CS 425 Homework 1, Fall 2015

Due Wednesday, September 16 at 10:45 AM. No late submissions accepted.

Instructions

Complete the following problems. In order to receive credit, you must show enough work to make it clear how you arrived at your answer. Where applicable, you may write programs to solve these problems; in that case, include your source code and program output in your writeup.

You may work in groups of up to three students and turn in one solution for the group. Make sure that all group members' names are on the submitted documents.
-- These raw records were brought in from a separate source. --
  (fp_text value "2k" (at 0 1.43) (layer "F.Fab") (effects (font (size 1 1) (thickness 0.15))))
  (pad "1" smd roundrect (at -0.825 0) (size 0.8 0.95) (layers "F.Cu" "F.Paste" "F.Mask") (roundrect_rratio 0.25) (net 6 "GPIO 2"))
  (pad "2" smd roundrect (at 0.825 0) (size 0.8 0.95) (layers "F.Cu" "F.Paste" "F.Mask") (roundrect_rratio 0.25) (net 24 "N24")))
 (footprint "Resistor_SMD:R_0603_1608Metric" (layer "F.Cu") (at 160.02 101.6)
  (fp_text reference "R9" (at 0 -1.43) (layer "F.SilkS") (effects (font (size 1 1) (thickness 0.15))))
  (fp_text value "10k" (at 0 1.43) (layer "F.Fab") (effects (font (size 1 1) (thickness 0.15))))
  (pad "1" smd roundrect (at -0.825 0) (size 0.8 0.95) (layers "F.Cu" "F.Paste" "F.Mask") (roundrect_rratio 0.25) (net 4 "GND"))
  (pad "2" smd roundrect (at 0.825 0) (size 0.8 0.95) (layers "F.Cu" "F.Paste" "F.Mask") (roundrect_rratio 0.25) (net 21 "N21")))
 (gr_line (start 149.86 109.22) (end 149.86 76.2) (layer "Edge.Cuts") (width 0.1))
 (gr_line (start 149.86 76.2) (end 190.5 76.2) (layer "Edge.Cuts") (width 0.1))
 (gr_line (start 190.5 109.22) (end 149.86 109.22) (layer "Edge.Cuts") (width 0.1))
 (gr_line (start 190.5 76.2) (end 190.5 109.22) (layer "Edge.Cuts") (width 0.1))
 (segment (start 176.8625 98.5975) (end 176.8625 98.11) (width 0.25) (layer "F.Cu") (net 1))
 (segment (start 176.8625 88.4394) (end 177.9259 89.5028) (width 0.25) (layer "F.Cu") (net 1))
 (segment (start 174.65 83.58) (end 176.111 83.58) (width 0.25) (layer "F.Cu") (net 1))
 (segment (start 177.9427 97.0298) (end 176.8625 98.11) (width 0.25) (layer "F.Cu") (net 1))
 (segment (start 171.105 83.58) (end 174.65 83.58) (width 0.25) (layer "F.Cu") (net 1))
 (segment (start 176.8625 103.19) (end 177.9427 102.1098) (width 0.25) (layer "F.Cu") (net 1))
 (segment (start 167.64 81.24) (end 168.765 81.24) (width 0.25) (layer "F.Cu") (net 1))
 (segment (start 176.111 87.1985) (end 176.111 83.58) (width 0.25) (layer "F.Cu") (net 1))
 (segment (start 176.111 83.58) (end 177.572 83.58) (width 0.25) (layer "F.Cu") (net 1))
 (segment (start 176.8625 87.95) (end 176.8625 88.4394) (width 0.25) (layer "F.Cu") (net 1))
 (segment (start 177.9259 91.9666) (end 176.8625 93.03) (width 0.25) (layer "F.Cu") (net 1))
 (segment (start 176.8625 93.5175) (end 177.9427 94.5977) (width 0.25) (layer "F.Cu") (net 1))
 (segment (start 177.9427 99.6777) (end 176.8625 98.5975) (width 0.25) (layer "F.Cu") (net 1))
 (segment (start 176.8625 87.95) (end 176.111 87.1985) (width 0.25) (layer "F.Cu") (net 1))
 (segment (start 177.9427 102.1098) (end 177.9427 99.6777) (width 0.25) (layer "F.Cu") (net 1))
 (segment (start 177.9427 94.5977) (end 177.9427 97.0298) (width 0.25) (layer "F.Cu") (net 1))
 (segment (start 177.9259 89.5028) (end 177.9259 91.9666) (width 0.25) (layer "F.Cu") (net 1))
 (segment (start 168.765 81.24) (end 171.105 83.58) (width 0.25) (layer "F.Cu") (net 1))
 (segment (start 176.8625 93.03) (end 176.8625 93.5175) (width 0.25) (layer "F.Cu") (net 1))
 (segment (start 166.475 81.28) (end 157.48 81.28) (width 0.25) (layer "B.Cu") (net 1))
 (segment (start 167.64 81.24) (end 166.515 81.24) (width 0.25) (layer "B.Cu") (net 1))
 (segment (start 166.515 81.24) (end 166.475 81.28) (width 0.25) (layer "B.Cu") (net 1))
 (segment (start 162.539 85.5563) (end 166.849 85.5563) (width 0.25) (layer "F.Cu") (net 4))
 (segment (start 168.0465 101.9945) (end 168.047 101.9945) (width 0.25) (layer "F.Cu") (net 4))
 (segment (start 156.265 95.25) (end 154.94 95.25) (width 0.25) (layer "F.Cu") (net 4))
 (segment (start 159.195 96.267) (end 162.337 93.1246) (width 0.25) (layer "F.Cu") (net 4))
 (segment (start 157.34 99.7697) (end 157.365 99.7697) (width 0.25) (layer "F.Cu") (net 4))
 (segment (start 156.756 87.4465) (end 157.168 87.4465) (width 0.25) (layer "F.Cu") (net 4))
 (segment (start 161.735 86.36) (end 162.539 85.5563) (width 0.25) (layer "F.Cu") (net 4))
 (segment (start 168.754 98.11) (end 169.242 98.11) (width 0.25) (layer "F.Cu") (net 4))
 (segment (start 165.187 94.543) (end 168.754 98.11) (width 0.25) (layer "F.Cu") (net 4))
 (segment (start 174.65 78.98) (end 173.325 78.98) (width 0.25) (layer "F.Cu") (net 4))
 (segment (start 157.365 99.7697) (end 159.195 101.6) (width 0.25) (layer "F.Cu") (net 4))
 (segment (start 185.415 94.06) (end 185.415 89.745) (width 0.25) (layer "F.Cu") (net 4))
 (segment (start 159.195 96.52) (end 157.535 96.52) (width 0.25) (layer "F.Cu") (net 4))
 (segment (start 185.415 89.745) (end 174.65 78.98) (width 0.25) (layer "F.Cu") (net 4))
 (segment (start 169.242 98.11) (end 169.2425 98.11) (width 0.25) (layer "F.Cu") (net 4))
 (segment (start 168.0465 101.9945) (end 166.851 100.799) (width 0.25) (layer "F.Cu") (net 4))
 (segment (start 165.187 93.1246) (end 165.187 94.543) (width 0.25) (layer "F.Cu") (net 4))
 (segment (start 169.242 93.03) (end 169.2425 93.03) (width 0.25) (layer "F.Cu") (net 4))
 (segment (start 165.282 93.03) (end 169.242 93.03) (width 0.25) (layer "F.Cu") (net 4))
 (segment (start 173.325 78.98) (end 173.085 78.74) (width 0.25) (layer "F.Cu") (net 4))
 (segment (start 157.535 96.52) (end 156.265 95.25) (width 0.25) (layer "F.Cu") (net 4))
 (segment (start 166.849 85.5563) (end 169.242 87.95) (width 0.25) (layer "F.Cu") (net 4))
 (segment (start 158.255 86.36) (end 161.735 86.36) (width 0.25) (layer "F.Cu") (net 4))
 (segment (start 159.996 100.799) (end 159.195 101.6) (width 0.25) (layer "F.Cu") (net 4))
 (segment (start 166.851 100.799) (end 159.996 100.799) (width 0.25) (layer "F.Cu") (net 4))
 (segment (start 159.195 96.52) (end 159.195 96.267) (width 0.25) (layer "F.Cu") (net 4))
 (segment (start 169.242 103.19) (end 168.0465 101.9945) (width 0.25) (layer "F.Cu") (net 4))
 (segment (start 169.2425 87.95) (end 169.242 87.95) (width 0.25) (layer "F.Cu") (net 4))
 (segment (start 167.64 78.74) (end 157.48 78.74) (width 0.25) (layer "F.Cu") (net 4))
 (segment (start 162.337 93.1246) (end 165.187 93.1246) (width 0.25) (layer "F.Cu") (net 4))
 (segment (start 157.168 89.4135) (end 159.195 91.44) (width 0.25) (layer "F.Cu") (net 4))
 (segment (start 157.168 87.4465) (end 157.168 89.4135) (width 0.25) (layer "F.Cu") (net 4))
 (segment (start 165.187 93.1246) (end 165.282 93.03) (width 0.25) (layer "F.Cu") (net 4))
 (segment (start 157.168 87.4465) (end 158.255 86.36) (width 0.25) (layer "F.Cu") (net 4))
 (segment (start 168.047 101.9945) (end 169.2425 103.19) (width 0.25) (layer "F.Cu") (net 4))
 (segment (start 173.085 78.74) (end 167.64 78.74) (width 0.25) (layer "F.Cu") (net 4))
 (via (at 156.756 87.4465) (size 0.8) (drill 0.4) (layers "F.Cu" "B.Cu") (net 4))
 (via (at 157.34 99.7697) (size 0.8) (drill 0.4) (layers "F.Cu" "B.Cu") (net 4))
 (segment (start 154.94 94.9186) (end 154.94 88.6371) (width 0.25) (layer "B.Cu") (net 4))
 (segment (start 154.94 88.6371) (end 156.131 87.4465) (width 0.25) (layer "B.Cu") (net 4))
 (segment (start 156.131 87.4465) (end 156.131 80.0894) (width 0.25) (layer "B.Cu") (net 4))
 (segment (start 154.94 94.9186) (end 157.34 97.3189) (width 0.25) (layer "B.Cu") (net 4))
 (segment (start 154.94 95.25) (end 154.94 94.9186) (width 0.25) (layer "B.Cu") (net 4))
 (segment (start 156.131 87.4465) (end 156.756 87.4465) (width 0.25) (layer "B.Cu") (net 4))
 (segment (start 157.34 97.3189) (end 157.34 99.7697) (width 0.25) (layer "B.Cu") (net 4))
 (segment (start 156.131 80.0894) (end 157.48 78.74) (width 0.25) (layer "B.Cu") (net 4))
You may submit your assignment either via hard copy (in class or office hours) or as a PDF or .doc/.docx/.txt via Moodle. Your source code for Problem 2 MUST be submitted via Moodle, even if the rest of your assignment is submitted in hard copy. It is your responsibility to verify that your submitted files are readable. Corrupted or unreadable files will not receive any credit.
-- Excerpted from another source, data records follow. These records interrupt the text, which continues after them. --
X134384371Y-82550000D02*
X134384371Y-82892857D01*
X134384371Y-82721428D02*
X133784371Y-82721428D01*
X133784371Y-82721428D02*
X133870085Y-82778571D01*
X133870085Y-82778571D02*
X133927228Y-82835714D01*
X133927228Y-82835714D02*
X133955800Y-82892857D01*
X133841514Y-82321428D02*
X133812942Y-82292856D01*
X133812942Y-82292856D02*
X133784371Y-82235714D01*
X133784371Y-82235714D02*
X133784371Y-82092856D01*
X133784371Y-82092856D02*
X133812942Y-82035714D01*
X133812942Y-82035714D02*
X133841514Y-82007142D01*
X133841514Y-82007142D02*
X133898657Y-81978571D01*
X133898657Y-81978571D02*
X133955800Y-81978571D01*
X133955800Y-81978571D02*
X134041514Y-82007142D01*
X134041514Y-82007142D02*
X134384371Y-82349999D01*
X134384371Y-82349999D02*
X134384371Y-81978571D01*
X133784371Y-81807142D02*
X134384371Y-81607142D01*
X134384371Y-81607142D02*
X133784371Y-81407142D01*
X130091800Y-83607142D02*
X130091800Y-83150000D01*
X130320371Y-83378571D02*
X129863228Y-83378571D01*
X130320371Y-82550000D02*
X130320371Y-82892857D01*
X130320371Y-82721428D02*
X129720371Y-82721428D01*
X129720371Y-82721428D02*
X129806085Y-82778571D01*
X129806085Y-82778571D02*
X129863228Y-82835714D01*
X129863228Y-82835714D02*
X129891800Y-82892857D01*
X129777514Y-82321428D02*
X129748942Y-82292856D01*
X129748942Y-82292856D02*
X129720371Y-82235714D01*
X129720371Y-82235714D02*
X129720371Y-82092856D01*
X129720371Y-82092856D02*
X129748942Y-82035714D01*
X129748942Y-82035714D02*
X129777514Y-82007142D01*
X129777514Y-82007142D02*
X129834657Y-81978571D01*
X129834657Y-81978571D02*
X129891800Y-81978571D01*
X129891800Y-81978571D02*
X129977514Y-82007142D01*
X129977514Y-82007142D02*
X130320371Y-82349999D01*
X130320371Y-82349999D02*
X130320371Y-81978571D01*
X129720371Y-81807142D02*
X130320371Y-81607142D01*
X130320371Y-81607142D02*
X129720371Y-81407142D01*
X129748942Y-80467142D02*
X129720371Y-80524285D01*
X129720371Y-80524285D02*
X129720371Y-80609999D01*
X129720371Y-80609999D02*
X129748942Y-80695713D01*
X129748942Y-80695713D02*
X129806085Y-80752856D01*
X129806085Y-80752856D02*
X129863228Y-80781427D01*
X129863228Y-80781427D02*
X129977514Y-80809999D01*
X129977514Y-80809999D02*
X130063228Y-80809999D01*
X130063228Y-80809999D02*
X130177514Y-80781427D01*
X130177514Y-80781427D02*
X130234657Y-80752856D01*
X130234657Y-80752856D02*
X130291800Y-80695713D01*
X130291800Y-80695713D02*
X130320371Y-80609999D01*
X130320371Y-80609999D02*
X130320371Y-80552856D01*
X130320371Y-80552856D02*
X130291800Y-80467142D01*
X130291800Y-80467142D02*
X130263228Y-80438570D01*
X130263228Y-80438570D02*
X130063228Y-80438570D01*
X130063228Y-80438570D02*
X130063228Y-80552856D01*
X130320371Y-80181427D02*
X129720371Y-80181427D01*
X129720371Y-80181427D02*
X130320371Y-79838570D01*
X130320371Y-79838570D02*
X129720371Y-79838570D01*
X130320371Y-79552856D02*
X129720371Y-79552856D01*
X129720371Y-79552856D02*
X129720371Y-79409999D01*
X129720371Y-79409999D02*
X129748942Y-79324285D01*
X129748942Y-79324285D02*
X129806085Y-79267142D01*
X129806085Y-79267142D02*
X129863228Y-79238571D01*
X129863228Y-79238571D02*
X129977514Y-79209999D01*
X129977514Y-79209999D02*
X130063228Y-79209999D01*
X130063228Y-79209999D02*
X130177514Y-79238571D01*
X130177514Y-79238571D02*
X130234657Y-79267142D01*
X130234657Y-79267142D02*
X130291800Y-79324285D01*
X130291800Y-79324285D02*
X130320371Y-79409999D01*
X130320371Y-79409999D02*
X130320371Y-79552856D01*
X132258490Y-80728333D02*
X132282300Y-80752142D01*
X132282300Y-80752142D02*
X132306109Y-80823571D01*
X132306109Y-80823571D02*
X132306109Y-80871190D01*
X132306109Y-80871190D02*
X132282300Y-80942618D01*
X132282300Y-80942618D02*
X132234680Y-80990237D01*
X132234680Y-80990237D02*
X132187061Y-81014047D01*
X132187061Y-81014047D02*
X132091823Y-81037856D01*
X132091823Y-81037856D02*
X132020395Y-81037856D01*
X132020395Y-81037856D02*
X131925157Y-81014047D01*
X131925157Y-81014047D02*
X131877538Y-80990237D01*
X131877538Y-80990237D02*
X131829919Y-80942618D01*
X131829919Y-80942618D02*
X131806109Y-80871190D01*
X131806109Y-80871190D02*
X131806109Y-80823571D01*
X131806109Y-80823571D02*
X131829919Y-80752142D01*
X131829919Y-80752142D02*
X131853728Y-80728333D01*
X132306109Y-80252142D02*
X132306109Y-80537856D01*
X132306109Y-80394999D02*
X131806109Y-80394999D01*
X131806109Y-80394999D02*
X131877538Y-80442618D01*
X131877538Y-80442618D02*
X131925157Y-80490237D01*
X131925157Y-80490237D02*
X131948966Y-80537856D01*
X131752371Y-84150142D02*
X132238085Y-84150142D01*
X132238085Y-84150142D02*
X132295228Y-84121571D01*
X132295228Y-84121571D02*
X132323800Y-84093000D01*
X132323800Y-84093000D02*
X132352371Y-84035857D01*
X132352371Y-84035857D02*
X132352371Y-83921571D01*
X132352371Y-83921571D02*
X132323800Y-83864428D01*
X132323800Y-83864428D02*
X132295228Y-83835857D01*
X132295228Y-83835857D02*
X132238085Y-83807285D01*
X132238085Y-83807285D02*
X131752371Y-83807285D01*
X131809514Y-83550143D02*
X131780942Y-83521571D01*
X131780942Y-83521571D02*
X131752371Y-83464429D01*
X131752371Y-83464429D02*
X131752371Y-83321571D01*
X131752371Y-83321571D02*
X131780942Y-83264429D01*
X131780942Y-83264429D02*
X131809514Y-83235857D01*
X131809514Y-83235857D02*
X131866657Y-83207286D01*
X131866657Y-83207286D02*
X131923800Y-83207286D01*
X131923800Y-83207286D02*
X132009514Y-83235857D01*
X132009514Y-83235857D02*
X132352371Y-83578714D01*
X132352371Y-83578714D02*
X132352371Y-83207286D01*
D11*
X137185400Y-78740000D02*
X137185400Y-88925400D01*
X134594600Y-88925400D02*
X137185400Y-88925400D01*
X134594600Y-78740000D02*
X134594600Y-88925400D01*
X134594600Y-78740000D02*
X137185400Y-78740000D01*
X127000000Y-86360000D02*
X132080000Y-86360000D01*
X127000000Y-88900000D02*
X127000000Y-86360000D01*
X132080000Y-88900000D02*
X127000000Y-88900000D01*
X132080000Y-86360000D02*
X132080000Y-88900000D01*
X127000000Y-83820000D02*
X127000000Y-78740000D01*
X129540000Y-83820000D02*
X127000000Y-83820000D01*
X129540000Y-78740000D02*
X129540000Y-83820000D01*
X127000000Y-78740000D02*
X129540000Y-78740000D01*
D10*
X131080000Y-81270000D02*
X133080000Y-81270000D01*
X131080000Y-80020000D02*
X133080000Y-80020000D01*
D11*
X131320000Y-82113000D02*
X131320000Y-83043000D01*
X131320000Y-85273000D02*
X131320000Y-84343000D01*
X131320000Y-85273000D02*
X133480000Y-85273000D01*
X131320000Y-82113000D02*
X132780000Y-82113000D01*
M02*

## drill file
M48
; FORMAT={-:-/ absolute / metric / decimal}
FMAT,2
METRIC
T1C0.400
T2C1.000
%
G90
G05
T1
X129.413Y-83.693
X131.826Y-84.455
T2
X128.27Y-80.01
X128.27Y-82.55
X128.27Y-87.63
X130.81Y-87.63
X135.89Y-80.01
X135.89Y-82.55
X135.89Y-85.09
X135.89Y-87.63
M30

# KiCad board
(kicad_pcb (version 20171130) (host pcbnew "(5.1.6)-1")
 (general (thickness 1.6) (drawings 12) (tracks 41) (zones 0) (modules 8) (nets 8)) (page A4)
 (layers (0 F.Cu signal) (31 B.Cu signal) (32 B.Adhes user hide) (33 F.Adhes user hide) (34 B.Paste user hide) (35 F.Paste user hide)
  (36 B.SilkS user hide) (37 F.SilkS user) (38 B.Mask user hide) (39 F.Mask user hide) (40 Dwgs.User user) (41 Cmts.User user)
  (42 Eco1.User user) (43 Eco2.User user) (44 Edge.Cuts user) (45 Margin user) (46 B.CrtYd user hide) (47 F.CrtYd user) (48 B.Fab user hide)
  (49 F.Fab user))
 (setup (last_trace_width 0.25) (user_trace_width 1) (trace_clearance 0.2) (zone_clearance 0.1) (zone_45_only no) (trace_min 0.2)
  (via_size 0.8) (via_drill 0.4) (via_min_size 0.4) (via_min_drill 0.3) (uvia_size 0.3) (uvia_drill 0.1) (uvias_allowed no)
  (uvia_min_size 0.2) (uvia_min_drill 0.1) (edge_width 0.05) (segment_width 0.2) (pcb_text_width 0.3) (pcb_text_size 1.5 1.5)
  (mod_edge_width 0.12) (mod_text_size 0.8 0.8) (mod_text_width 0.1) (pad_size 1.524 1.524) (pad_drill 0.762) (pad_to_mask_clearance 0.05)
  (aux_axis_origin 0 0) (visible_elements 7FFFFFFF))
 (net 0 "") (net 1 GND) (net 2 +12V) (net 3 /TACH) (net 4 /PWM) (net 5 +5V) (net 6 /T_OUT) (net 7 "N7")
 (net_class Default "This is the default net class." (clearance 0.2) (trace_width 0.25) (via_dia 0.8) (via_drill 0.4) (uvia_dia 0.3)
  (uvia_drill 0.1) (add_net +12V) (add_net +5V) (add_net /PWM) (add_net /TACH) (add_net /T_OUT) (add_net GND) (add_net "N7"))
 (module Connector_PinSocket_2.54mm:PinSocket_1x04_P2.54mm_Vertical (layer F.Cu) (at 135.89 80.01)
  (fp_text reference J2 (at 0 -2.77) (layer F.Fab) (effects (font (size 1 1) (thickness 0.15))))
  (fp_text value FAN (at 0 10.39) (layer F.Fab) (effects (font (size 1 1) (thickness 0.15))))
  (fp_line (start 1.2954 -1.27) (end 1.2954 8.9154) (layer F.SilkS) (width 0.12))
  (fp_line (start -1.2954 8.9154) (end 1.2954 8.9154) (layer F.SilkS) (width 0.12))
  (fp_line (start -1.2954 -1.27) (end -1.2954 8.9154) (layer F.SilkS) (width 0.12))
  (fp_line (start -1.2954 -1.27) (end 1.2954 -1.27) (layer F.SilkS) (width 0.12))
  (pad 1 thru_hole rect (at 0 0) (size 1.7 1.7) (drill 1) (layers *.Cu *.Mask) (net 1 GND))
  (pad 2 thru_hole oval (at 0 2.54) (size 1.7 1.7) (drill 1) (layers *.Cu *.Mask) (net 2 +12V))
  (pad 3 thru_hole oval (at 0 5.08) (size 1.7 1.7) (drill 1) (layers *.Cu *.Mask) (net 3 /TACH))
Problem 1: Hardware [10 points]

Barlas, Ch. 1, Exercise 1 (p. 26), but skip the last question. You can find the current list of the most powerful supercomputers in the world at Top500.org. Please cite any sources you use to answer these questions.

Problem 2: Scalability analysis: mergesort [35 points]

This problem is based on Barlas, Ch. 1, Exercise 7 (p. 26), with the following changes:

Download the starter code (mergesort_starter.tgz). If you type "make", you will get three executables:
1. gensort.x: Creates your input data file. See the code for how to run it.
2. checksort.x: Verifies your output data file. Again, see the code.
3. mergesort.x: Based on mergesort.cpp, which is currently empty. All of your code should go into mergesort.cpp.
Your mergesort implementation should take the names of the input and output files as command-line arguments. Please feel free to borrow liberally from the provided gensort.cpp and checksort.cpp files for inspiration. For full credit, your program should exit with error if either of the two files can't be opened.
The first number in the input (or output) file should be the number of values that follow. I strongly recommend that you use this number to dynamically allocate an array of unsigned int to store the input integers.
Your implementation of the mergesort algorithm does not have to be original, and it can be either a top-down or a bottom-up implementation. It does not have to be an in-place sort. If your code is not original, you must cite your source in a comment.
Instead of gprof or valgrind as suggested in the textbook, you should take your timing estimates using the C++ chrono library and its highest-resolution clock.
Be sure to experiment with a variety of dataset sizes. Start with a very small number (like 50) and scale it up until either alpha stabilizes or you are unable to allocate enough space for the array(s). Generate two graphs: both with the dataset size on the x-axis (possibly on a log scale), and one each with alpha and the maximum possible speedup on the y-axis.
The starter code works on the CS department (cwolf) server, as should your code.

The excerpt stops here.